The verification step is a key distinction from simply "run the model and show the result." After an agent finds a potential issue, the system checks the finding against the actual code behavior, attempting to disprove it. Only findings that pass verification make it into the final report. According to Anthropic, less than 1% of findings are rejected by developers as irrelevant.

«A verification step checks candidates against actual code behavior to filter out false positives» — Claude Code Docs.

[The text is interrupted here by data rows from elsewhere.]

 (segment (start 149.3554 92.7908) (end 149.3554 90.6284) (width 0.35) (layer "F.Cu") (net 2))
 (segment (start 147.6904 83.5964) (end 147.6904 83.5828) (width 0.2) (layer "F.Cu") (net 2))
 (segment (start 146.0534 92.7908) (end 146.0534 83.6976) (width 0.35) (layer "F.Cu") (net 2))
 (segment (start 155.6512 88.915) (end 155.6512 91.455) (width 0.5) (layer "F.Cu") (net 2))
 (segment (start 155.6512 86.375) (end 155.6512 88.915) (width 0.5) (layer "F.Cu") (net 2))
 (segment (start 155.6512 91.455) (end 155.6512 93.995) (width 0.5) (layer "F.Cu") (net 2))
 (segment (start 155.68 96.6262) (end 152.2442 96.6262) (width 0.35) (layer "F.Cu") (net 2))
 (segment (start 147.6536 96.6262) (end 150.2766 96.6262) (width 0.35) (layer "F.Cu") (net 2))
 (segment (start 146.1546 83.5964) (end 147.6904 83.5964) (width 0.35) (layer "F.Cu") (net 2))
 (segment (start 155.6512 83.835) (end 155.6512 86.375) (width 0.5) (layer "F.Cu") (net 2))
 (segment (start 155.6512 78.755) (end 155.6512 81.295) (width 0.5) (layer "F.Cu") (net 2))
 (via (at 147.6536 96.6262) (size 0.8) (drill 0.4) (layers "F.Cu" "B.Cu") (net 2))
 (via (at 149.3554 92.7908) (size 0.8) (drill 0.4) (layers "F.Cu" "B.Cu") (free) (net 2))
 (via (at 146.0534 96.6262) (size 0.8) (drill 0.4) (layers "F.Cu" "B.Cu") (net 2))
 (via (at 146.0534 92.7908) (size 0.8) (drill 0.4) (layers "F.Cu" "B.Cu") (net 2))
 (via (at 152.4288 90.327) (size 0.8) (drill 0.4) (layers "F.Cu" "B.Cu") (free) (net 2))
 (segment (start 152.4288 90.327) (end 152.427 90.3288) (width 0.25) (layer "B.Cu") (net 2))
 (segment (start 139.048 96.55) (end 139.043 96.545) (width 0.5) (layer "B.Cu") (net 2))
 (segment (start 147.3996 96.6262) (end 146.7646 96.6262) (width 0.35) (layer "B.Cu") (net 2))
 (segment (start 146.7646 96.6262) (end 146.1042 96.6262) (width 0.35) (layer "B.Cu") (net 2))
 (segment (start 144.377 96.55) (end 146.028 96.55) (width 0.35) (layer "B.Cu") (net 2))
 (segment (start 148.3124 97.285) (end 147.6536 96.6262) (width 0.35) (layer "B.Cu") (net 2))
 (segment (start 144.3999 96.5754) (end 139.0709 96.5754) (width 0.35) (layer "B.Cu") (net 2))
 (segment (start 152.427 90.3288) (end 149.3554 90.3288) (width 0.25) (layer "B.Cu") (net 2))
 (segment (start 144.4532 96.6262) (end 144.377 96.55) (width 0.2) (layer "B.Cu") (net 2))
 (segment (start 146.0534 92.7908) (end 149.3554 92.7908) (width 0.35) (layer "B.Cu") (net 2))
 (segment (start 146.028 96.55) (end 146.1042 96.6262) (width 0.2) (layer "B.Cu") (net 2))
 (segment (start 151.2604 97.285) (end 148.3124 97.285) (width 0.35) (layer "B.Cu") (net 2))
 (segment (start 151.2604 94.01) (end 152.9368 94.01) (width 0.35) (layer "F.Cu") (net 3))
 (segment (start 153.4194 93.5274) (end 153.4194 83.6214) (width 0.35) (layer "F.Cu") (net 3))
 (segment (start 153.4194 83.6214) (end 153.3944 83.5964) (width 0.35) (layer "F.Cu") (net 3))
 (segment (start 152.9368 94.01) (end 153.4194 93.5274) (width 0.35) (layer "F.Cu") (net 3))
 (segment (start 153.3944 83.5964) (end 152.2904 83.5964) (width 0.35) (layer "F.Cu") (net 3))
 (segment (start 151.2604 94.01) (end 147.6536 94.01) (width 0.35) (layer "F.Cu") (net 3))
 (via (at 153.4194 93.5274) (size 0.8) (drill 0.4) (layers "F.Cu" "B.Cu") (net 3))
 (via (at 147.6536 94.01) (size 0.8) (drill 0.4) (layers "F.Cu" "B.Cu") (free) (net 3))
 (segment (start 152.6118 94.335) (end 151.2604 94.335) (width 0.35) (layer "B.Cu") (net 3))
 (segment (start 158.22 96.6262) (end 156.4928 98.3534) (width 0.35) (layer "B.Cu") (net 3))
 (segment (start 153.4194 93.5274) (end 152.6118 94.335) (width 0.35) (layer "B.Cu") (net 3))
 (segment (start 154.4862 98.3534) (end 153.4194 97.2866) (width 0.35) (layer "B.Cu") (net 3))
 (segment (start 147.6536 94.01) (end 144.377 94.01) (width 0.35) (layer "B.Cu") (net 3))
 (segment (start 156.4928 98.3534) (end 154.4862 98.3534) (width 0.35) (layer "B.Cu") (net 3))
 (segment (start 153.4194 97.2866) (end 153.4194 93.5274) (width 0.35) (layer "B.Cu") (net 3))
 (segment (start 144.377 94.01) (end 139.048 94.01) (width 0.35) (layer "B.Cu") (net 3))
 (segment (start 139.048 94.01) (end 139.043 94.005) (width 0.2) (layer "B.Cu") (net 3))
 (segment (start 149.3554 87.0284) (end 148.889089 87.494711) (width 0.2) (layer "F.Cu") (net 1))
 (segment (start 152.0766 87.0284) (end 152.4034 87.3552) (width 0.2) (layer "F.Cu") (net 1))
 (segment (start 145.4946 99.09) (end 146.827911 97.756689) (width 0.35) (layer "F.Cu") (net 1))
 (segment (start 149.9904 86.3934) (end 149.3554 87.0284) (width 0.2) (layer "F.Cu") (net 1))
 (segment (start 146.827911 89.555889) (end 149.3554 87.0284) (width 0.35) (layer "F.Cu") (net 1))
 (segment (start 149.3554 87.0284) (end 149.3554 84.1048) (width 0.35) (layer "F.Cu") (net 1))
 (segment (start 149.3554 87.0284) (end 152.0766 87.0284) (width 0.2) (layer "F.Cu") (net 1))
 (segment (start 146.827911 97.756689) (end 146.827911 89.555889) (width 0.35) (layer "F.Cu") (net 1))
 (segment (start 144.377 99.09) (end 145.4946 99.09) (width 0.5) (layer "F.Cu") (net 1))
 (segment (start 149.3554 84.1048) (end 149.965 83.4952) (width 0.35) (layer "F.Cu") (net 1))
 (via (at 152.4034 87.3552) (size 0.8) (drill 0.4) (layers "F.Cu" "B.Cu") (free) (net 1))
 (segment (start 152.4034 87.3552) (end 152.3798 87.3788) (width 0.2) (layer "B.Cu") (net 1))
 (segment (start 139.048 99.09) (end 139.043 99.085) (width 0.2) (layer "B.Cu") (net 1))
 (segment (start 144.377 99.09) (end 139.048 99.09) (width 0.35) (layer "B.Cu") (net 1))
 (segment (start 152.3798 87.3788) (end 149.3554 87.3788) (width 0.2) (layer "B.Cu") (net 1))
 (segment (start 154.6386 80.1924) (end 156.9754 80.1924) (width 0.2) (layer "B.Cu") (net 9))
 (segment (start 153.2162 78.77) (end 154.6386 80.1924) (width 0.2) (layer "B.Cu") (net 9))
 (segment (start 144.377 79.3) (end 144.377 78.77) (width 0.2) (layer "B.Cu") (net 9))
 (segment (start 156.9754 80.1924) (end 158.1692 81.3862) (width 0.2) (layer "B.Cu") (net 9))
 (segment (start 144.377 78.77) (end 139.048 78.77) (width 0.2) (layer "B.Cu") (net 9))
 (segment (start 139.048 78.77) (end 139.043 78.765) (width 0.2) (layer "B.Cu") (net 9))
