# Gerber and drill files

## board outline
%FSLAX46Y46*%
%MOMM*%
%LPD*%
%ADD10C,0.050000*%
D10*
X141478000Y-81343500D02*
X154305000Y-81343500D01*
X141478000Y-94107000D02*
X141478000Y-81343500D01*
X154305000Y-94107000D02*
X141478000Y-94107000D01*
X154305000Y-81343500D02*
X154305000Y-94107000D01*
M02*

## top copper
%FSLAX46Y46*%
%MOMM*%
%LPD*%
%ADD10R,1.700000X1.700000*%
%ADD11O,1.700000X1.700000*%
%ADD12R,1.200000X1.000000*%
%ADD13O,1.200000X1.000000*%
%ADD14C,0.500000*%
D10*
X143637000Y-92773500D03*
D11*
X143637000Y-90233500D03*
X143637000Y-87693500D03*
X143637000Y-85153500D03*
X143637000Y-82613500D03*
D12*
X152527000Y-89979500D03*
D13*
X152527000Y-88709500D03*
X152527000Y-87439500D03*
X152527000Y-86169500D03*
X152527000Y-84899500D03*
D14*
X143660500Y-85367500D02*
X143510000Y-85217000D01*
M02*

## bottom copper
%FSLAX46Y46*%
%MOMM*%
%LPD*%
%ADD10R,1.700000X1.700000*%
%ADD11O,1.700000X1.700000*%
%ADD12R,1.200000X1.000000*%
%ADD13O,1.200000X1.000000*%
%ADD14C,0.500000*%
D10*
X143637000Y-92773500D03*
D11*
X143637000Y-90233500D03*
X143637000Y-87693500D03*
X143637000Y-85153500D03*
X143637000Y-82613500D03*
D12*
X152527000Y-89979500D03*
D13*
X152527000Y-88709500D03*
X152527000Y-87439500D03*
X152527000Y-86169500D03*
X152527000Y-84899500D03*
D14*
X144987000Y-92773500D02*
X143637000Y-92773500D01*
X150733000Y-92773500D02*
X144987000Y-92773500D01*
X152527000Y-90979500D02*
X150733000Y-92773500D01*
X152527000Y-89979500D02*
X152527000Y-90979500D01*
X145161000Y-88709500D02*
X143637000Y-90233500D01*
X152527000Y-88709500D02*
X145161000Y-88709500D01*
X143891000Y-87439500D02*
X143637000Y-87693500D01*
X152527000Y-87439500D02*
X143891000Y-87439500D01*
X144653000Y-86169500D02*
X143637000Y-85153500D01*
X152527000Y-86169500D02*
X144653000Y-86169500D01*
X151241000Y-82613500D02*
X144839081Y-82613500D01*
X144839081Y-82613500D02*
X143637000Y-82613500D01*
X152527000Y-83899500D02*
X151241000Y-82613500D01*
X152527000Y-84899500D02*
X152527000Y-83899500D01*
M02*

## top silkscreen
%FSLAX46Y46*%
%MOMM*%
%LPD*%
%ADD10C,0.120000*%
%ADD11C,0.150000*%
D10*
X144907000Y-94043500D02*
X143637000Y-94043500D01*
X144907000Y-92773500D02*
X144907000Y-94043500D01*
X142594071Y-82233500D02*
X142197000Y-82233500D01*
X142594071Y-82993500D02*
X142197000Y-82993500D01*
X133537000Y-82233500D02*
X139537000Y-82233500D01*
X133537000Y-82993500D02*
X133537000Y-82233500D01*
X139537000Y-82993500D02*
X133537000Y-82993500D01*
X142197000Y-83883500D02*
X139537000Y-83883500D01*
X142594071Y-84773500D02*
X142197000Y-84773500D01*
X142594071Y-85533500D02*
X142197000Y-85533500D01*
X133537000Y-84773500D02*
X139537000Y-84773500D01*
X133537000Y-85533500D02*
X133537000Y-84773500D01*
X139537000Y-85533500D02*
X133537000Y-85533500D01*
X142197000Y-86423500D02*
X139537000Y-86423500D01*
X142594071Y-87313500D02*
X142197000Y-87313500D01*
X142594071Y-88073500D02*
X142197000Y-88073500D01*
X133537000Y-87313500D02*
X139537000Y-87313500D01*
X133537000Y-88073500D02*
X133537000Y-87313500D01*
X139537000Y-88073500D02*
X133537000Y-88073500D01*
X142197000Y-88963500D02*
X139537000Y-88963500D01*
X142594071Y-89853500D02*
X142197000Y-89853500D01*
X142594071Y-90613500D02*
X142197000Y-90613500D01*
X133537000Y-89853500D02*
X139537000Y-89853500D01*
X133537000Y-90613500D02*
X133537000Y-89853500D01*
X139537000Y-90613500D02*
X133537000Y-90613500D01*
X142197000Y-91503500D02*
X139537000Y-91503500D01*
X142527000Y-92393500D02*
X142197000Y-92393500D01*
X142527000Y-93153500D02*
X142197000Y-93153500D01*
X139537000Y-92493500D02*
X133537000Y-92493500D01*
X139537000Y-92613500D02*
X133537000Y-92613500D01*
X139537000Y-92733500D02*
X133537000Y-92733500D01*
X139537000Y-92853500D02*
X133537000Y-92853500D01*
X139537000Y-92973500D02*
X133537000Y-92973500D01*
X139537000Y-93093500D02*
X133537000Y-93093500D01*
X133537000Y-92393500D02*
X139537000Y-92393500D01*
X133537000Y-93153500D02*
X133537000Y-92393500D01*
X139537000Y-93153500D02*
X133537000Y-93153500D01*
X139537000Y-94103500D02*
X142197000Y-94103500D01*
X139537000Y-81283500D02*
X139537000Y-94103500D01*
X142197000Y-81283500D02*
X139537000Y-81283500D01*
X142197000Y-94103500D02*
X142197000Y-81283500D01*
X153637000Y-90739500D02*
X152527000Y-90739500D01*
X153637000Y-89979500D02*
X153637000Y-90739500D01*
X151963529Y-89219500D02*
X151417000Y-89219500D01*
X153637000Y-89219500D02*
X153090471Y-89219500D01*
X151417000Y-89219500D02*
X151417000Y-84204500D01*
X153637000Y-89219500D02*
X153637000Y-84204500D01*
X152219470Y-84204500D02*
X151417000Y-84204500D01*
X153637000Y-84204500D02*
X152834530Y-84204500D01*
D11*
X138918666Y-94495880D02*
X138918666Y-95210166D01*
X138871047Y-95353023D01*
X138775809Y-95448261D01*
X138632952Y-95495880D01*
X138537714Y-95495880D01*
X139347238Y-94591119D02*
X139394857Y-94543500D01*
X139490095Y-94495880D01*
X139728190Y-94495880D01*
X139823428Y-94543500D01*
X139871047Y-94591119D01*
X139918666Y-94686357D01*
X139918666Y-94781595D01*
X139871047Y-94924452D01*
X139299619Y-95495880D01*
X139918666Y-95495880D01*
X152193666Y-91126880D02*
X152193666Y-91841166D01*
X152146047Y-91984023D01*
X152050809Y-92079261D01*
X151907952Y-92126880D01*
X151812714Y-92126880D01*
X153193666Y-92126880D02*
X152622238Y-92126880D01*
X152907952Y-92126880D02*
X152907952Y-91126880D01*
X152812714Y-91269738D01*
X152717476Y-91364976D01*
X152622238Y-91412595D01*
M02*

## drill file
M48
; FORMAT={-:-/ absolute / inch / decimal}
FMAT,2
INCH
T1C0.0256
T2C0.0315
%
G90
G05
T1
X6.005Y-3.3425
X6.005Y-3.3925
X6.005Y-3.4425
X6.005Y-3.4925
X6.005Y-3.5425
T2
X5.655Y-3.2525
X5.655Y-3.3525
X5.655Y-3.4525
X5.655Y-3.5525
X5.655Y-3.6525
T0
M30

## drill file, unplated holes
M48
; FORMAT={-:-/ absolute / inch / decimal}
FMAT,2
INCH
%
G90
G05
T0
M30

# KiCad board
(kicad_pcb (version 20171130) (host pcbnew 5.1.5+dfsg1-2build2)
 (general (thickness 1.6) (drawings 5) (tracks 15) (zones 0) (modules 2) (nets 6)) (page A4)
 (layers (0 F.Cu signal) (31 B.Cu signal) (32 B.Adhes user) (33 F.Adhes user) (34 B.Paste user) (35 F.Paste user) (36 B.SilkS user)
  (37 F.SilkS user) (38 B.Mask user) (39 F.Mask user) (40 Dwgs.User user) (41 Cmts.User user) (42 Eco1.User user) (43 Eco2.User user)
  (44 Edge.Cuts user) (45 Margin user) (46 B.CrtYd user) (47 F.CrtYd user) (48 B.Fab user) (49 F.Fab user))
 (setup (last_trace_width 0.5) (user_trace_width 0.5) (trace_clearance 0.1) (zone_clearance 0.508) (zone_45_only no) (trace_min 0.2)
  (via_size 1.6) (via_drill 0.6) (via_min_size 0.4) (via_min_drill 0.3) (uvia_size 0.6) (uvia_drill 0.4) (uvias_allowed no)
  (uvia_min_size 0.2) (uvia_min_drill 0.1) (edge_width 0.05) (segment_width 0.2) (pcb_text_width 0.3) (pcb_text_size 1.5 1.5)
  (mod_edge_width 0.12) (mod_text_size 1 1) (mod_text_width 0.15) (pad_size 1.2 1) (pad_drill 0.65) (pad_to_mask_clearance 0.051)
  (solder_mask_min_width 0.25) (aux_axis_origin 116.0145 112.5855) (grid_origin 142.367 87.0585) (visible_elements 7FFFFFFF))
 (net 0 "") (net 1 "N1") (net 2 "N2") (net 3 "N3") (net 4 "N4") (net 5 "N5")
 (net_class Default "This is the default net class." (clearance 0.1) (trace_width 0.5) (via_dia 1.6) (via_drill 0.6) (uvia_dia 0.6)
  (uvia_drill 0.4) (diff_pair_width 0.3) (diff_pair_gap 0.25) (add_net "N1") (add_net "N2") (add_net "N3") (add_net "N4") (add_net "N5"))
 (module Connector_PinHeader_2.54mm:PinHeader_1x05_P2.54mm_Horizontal (layer F.Cu) (at 143.637 92.7735 180)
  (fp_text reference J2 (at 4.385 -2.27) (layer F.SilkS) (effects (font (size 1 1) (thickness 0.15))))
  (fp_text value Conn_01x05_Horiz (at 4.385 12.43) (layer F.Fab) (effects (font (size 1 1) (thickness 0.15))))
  (fp_line (start -1.27 -1.27) (end 0 -1.27) (layer F.SilkS) (width 0.12))
  (fp_line (start -1.27 0) (end -1.27 -1.27) (layer F.SilkS) (width 0.12))
  (fp_line (start 1.042929 10.54) (end 1.44 10.54) (layer F.SilkS) (width 0.12))
  (fp_line (start 1.042929 9.78) (end 1.44 9.78) (layer F.SilkS) (width 0.12))
  (fp_line (start 10.1 10.54) (end 4.1 10.54) (layer F.SilkS) (width 0.12))
  (fp_line (start 10.1 9.78) (end 10.1 10.54) (layer F.SilkS) (width 0.12))
  (fp_line (start 4.1 9.78) (end 10.1 9.78) (layer F.SilkS) (width 0.12))
  (fp_line (start 1.44 8.89) (end 4.1 8.89) (layer F.SilkS) (width 0.12))
  (fp_line (start 1.042929 8) (end 1.44 8) (layer F.SilkS) (width 0.12))
  (fp_line (start 1.042929 7.24) (end 1.44 7.24) (layer F.SilkS) (width 0.12))
  (fp_line (start 10.1 8) (end 4.1 8) (layer F.SilkS) (width 0.12))
  (fp_line (start 10.1 7.24) (end 10.1 8) (layer F.SilkS) (width 0.12))
  (fp_line (start 4.1 7.24) (end 10.1 7.24) (layer F.SilkS) (width 0.12))
  (fp_line (start 1.44 6.35) (end 4.1 6.35) (layer F.SilkS) (width 0.12))
  (fp_line (start 1.042929 5.46) (end 1.44 5.46) (layer F.SilkS) (width 0.12))
  (fp_line (start 1.042929 4.7) (end 1.44 4.7) (layer F.SilkS) (width 0.12))
  (fp_line (start 10.1 5.46) (end 4.1 5.46) (layer F.SilkS) (width 0.12))
  (fp_line (start 10.1 4.7) (end 10.1 5.46) (layer F.SilkS) (width 0.12))
  (fp_line (start 4.1 4.7) (end 10.1 4.7) (layer F.SilkS) (width 0.12))
  (fp_line (start 1.44 3.81) (end 4.1 3.81) (layer F.SilkS) (width 0.12))
  (fp_line (start 1.042929 2.92) (end 1.44 2.92) (layer F.SilkS) (width 0.12))
  (fp_line (start 1.042929 2.16) (end 1.44 2.16) (layer F.SilkS) (width 0.12))
  (fp_line (start 10.1 2.92) (end 4.1 2.92) (layer F.SilkS) (width 0.12))
  (fp_line (start 10.1 2.16) (end 10.1 2.92) (layer F.SilkS) (width 0.12))
  (fp_line (start 4.1 2.16) (end 10.1 2.16) (layer F.SilkS) (width 0.12))
  (fp_line (start 1.44 1.27) (end 4.1 1.27) (layer F.SilkS) (width 0.12))
  (fp_line (start 1.11 0.38) (end 1.44 0.38) (layer F.SilkS) (width 0.12))
  (fp_line (start 1.11 -0.38) (end 1.44 -0.38) (layer F.SilkS) (width 0.12))
  (fp_line (start 4.1 0.28) (end 10.1 0.28) (layer F.SilkS) (width 0.12))
  (fp_line (start 4.1 0.16) (end 10.1 0.16) (layer F.SilkS) (width 0.12))
  (fp_line (start 4.1 0.04) (end 10.1 0.04) (layer F.SilkS) (width 0.12))
  (fp_line (start 4.1 -0.08) (end 10.1 -0.08) (layer F.SilkS) (width 0.12))
  (fp_line (start 4.1 -0.2) (end 10.1 -0.2) (layer F.SilkS) (width 0.12))
  (fp_line (start 4.1 -0.32) (end 10.1 -0.32) (layer F.SilkS) (width 0.12))
  (fp_line (start 10.1 0.38) (end 4.1 0.38) (layer F.SilkS) (width 0.12))
  (fp_line (start 10.1 -0.38) (end 10.1 0.38) (layer F.SilkS) (width 0.12))
  (fp_line (start 4.1 -0.38) (end 10.1 -0.38) (layer F.SilkS) (width 0.12))
  (fp_line (start 4.1 -1.33) (end 1.44 -1.33) (layer F.SilkS) (width 0.12))
  (fp_line (start 4.1 11.49) (end 4.1 -1.33) (layer F.SilkS) (width 0.12))
  (fp_line (start 1.44 11.49) (end 4.1 11.49) (layer F.SilkS) (width 0.12))
  (fp_line (start 1.44 -1.33) (end 1.44 11.49) (layer F.SilkS) (width 0.12))
  (pad 1 thru_hole rect (at 0 0 180) (size 1.7 1.7) (drill 0.8) (layers *.Cu *.Mask) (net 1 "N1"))
  (pad 2 thru_hole oval (at 0 2.54 180) (size 1.7 1.7) (drill 0.8) (layers *.Cu *.Mask) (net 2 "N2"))
  (pad 3 thru_hole oval (at 0 5.08 180) (size 1.7 1.7) (drill 0.8) (layers *.Cu *.Mask) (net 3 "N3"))
  (pad 4 thru_hole oval (at 0 7.62 180) (size 1.7 1.7) (drill 0.8) (layers *.Cu *.Mask) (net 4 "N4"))
  (pad 5 thru_hole oval (at 0 10.16 180) (size 1.7 1.7) (drill 0.8) (layers *.Cu *.Mask) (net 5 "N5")))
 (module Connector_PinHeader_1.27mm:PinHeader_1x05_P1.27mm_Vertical (layer F.Cu) (at 152.527 89.9795 180)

For comparison: an early wave of AI code review tools had a mathematical problem — for every real bug, they generated 9 false positives. This isn't just an inconvenience; it destroys trust: developers started ignoring all warnings, and as a result, missed real problems. Anthropic solved this problem through the verification step, and the result is reflected in the numbers.

How verification works

Anthropic does not disclose implementation details, but from the documentation, it is known that the verification agent compares the finding with the actual code behavior. In practice, this means: if an agent flagged a line as a potential SQL injection, the validator checks whether this data actually enters the query without sanitization in the specific call context. This fundamentally differs from pattern matching — SonarQube might flag any string concatenation with an SQL query, even if the data has already been processed higher up the stack.

Criticality marking system

After verification, findings are deduplicated and ranked. Marking is done by color: red — critical, requires immediate attention; yellow — potential issue, worth reviewing; purple — existing issue in old code near changes (latent bug). The purple marker is especially important: it tells the reviewer "the PR itself is OK, but you've touched a dangerous area."

In addition, each finding includes a collapsible extended reasoning section — the reviewer can expand it to see why the agent flagged the issue and how it was verified. This allows for informed decision-making, rather than blindly trusting or ignoring.

✔️ Less than 1% of findings are rejected as false positives (Anthropic internal data)

✔️ Verification checks the finding against actual code behavior

✔️ Three criticality levels: red / yellow / purple

✔️ Extended reasoning — transparency for the reviewer

Conclusion: The verification step is what distinguishes "running a model" from "running a reliable tool"; less than 1% false positives is not a marketing figure, but a condition for product survival.

📌 GitHub Integration: How it works in the pipeline

admin installs the Anthropic GitHub App — and the review starts automatically

Integration happens via the official GitHub App from Anthropic. The administrator connects repositories and specifies which branches to run reviews on. Then everything is automatic: a PR is opened — agents are launched — results arrive as inline comments and a general overview directly on the PR page in GitHub.

«Results are deduplicated, ranked by severity, and posted as inline comments on the specific lines where issues were found» — Claude Code Docs.

From a reviewer's workflow perspective, it looks like this: you go to a PR, see one generalized comment from Claude with a summary of findings — and then inline annotations on specific lines. There's no separate dashboard, no switching to another interface. This is important: tools that output results in a separate system are often ignored.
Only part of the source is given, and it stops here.